The Temptation of Christ and Lent
     Since the days of the Early Church, Lent has been associated with the Temptation of Christ in the Wilderness: the period of forty days at the beginning of the earthly ministry of Jesus in which he fasted alone in the wilderness and was tempted by Satan.
     In my experience, and in my opinion, even though this key part of the Lord's life in this world is commemorated in Lent, and Lenten fasting is connected with His fasting of the Temptation, it receives too little attention outside of Ash Wednesday (the first day of Lent).
     The Temptation of Christ is recorded in three passages of the Gospels:
Matthew 4:1–11
Mark 1:12–13
Luke 4:1–13
     The following spiritual disciplines are fitting for observing Lent:
1. Reading one, two, or all three of the accounts of the Temptation of Christ
2. Memorizing one or more verses of the accounts of the Temptation of Christ
3. Memorizing one or more of the verses of the Scriptures which the Lord quoted during the Temptation
4. Studying the Temptation of Christ
5. Meditating on the Temptation of Christ
6. Singing one or more songs (such as hymns) which tell about the Temptation of Christ
7. Thanking and praising the Lord Jesus for what He did in the Temptation, e.g. His fasting, His being alone in the wilderness, His suffering temptation by Satan, and His overcoming of that temptation
     Ten years ago I observed Lent by reading one account of the Temptation of Christ every day: the first day Matthew, the second day Mark, the third day Luke, and then back to Matthew. I recommend this practice.
     When I did it, I read the same translation of the Scriptures every day. Another way to do it is by reading the accounts in a cycle of more than one translation. For example, reading three translations in a nine-day cycle, with the first translation the first three days, the second translation with the next three days, the third translation with the next three days, and then returning to the first translation.
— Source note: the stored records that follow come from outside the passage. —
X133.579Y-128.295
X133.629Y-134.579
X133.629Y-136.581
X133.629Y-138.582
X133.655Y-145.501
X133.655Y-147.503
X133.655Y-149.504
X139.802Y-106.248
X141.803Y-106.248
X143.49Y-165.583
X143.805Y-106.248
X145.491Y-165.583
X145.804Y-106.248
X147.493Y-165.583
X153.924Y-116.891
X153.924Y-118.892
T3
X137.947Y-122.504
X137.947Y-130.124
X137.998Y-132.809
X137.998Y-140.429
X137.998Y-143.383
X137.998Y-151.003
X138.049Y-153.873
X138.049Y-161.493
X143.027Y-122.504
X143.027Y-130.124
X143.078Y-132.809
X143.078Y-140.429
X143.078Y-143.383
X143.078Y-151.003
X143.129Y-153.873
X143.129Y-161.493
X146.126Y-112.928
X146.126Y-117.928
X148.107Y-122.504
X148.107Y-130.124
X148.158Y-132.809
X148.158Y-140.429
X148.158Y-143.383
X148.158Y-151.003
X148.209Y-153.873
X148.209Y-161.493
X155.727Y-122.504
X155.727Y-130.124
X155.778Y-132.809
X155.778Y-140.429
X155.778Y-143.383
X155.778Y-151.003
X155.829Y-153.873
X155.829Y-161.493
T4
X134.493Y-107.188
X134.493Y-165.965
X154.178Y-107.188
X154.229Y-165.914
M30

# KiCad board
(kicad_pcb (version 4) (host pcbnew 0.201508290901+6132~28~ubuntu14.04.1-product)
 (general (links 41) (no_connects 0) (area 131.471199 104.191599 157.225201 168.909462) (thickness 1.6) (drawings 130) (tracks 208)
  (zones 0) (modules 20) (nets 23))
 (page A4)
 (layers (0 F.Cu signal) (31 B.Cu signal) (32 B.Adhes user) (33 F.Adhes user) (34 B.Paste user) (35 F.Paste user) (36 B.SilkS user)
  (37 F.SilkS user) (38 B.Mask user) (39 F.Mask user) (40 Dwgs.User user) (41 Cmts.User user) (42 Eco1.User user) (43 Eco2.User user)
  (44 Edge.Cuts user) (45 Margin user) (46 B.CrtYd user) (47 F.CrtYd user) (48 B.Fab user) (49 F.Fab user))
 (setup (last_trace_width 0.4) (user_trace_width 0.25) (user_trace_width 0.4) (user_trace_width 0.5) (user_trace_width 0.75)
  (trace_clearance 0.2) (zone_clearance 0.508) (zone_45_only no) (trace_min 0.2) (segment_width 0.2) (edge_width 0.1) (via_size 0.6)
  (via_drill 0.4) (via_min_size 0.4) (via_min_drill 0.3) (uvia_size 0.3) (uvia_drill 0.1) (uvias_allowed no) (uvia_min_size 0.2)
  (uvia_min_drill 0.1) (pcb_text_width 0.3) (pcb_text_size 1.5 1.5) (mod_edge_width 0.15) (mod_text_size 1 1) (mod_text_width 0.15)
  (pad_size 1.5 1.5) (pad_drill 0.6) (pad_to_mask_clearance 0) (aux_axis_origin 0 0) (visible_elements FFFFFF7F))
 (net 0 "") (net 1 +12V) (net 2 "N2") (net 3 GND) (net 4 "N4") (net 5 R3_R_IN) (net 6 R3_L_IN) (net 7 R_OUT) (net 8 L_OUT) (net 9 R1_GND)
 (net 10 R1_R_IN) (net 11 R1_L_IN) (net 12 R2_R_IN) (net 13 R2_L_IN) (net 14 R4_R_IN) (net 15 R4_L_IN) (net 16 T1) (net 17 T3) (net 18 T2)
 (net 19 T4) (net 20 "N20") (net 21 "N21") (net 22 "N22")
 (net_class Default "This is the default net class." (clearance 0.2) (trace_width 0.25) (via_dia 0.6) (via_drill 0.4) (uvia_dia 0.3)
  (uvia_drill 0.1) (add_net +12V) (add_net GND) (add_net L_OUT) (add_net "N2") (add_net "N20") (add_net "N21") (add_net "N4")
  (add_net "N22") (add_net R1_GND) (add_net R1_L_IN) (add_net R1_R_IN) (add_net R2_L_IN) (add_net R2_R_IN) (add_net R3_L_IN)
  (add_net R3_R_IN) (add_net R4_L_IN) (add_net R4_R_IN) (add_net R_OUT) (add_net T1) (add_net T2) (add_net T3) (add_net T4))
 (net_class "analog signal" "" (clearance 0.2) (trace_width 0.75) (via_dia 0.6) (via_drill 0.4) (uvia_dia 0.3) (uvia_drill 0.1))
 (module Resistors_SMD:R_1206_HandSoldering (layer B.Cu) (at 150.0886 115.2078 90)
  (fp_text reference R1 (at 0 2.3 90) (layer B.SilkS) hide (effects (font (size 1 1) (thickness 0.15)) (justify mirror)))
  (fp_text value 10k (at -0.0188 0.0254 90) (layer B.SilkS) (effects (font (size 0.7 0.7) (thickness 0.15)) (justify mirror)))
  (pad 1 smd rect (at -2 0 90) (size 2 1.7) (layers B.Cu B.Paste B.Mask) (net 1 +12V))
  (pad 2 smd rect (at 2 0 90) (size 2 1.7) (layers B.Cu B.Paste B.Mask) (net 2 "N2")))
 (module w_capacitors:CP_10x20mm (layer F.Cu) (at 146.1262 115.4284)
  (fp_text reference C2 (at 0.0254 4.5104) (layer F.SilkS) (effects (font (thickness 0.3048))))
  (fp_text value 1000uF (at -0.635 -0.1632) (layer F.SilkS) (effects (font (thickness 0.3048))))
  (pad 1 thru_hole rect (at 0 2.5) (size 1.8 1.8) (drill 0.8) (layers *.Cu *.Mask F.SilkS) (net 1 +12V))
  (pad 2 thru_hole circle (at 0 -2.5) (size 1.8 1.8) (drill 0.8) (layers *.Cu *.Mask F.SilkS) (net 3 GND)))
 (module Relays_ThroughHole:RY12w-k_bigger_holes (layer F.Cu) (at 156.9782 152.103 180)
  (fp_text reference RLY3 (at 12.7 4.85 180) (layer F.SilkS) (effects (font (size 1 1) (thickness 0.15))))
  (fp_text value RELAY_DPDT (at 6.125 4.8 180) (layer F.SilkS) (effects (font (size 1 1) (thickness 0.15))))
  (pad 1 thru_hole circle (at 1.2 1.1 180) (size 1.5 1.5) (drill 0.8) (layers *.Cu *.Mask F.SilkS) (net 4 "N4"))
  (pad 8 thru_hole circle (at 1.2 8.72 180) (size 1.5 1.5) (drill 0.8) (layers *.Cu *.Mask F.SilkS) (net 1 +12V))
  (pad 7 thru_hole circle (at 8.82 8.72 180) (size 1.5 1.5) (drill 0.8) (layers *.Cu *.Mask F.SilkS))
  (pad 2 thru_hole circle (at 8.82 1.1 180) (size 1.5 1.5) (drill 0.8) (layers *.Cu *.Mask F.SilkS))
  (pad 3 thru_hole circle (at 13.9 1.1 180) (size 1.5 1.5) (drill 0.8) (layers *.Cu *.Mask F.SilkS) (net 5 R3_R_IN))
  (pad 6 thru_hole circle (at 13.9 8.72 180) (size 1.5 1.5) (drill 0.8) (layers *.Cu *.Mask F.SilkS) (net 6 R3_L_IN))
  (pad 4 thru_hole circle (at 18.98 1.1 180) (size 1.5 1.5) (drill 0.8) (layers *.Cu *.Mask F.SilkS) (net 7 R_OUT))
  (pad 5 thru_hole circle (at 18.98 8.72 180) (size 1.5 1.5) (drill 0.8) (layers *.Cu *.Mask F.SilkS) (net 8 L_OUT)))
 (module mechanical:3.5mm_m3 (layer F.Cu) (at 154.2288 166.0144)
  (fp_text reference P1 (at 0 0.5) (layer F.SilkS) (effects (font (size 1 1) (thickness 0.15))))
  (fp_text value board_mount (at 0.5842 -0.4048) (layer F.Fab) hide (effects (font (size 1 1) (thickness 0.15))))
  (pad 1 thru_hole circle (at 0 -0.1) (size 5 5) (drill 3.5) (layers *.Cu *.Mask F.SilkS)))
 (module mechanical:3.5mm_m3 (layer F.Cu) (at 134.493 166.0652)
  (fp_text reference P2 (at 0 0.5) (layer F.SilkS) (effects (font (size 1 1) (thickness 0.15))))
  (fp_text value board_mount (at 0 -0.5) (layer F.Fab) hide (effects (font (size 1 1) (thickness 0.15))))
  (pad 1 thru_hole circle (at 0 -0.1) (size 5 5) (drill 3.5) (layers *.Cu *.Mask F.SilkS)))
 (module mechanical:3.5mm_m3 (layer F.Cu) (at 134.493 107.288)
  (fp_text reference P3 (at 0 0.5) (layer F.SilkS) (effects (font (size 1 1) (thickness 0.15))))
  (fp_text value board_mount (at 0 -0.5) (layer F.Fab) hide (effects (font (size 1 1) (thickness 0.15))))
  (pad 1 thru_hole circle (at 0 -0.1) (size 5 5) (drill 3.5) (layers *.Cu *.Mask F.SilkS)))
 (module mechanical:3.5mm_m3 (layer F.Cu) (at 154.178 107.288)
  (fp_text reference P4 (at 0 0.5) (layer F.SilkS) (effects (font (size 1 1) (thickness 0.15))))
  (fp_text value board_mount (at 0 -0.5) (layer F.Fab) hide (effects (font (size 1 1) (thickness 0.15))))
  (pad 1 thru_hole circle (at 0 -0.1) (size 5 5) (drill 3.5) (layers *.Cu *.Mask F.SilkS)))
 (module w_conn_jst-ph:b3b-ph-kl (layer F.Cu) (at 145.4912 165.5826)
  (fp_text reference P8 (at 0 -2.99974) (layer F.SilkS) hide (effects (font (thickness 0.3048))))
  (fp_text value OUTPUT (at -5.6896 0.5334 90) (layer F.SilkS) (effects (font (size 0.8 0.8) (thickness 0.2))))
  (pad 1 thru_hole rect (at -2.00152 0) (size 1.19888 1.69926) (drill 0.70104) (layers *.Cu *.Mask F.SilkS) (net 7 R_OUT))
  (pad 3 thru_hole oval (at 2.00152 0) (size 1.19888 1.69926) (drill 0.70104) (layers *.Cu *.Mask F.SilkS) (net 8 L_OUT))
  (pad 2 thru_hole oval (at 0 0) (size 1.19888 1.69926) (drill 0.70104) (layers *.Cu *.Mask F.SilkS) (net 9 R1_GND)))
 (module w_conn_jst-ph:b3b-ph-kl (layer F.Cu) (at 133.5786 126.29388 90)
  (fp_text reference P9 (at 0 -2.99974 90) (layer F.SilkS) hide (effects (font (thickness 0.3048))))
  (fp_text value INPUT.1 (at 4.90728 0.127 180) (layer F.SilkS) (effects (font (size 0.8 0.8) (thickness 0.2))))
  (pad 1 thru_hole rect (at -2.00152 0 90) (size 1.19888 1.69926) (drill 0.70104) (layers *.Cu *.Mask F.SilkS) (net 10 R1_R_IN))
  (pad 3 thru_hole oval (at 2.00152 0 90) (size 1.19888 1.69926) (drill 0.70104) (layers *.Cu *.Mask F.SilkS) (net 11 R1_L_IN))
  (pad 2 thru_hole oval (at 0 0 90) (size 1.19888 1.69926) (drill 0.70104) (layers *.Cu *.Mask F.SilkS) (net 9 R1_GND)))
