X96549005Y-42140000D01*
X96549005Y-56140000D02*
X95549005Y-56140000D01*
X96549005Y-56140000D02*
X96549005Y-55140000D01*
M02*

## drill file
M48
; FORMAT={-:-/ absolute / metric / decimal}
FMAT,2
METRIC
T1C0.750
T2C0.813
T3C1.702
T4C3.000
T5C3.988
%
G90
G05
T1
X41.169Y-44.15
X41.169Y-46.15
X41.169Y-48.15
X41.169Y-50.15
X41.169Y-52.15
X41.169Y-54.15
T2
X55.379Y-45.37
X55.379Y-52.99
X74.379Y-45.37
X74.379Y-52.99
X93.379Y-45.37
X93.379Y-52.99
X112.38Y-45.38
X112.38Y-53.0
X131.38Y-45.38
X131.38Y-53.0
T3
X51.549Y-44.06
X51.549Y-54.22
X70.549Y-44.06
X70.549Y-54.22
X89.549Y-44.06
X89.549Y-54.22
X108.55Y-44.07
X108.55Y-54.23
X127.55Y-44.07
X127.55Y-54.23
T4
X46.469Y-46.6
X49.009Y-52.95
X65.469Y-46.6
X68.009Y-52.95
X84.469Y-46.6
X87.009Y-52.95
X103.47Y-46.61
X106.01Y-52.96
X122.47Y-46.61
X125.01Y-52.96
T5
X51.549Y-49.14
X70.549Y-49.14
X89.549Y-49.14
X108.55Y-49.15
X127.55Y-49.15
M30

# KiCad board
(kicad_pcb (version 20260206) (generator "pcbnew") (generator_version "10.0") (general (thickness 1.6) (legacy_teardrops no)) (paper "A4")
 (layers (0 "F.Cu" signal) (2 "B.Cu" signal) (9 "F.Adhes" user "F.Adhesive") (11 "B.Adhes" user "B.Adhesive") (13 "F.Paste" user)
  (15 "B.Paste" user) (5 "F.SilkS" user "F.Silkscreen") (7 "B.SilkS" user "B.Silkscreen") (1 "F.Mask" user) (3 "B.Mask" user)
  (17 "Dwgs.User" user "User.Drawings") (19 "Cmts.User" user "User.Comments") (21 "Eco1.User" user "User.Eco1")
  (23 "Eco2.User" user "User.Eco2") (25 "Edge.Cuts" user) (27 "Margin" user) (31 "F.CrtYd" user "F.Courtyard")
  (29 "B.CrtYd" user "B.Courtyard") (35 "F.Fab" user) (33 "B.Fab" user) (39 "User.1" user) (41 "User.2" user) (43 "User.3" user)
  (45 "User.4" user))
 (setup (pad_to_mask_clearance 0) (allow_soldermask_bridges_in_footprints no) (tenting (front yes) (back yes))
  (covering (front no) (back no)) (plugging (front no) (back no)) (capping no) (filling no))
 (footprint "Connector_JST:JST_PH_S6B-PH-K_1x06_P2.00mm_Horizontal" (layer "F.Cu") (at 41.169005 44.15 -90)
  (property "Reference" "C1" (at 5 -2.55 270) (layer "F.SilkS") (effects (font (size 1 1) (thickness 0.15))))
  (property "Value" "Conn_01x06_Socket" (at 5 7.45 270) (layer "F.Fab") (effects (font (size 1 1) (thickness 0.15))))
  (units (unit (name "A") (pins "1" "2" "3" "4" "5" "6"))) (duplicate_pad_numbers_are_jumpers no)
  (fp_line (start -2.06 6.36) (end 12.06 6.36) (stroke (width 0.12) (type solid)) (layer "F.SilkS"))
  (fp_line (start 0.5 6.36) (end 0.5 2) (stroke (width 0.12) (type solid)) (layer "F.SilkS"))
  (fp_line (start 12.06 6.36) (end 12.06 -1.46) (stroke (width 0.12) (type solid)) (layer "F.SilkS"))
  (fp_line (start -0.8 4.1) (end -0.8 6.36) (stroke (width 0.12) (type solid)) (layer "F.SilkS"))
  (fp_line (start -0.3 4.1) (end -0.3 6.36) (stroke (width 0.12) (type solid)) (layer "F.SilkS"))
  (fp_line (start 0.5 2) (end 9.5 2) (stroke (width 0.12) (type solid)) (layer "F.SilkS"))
     This is easy to do if one has access to the Internet, where dozens of translations in English, and translations in many other languages, are accessible for free.
     As I read the accounts of the Temptation, I thought about them, and made notes of things I noticed and learned about them. I recommend this practice, too. One may well be surprised at what one may notice for the first time, even if one has read and heard these accounts many times before—especially if one asks God to bless one's reading.
     I also recommend that if one does this, that one share with other one or more other Christians what one notices and learns about the Temptation of Christ. That could be edifying for both oneself and with whomever one shares.
     I have also observed Lent by memorizing the verses of the Scriptures which the Lord quoted when He was tempted by Satan. These are:
Deuteronomy 6:13 and/or 10:20 (the two verses are similar)
Deuteronomy 6:16
Deuteronomy 8:3
     As one would expect, through the ages much has been said about the Temptation of Christ. One can read some of it in study Bibles, Bible commentaries, poems, songs, and other works of literature. Some of it can be read, and some of it can be heard, on the Internet. (If one would like learn of hymns which tell about it, I suggest one look in the Lent section of a hymnal, and search the Internet with the search terms "Lent" or "Lenten" and "hymns".)
     I further recommend that one observe Lent by thinking about the Temptation of Christ every single day—even better, multiple times a day every day. I recommend that if one fasts during Lent, that whenever one has a desire to break the fast, one think of the Temptation. For example, if one fasts by abstaining from snacks, then whenever one feels a desire to eat a snack, one responds by thinking about the Temptation.
     Whenever and however you think about the Temptation of Christ, always bear in mind who He is.
     It was no mere man who fasted for forty days in the wilderness and was tempted by Satan.
     No: it was He who, to be sure, is the Son of man, but who is also the Son of God. He is the Word made flesh, who in the beginning was with God, and was God (John 1:1).
     As the Apostles' Creed says: He is the one who, after His Temptation, and after His Passion and Resurrection, ascended into heaven, and who now sits at the right hand of God the Father Almighty, "from whence He shall come to judge the living and the dead".
     The more we know about who Christ is, the more we will know the truth about what he has He done for us: not only during His Temptation, but before and after—and also about what He is doing for us now, and will do for us in the future.
     And the more we know that truth, the more appreciative we will be of it, the more grateful we will be for it, the more joyful we will be about it, and the more awed we will be by it.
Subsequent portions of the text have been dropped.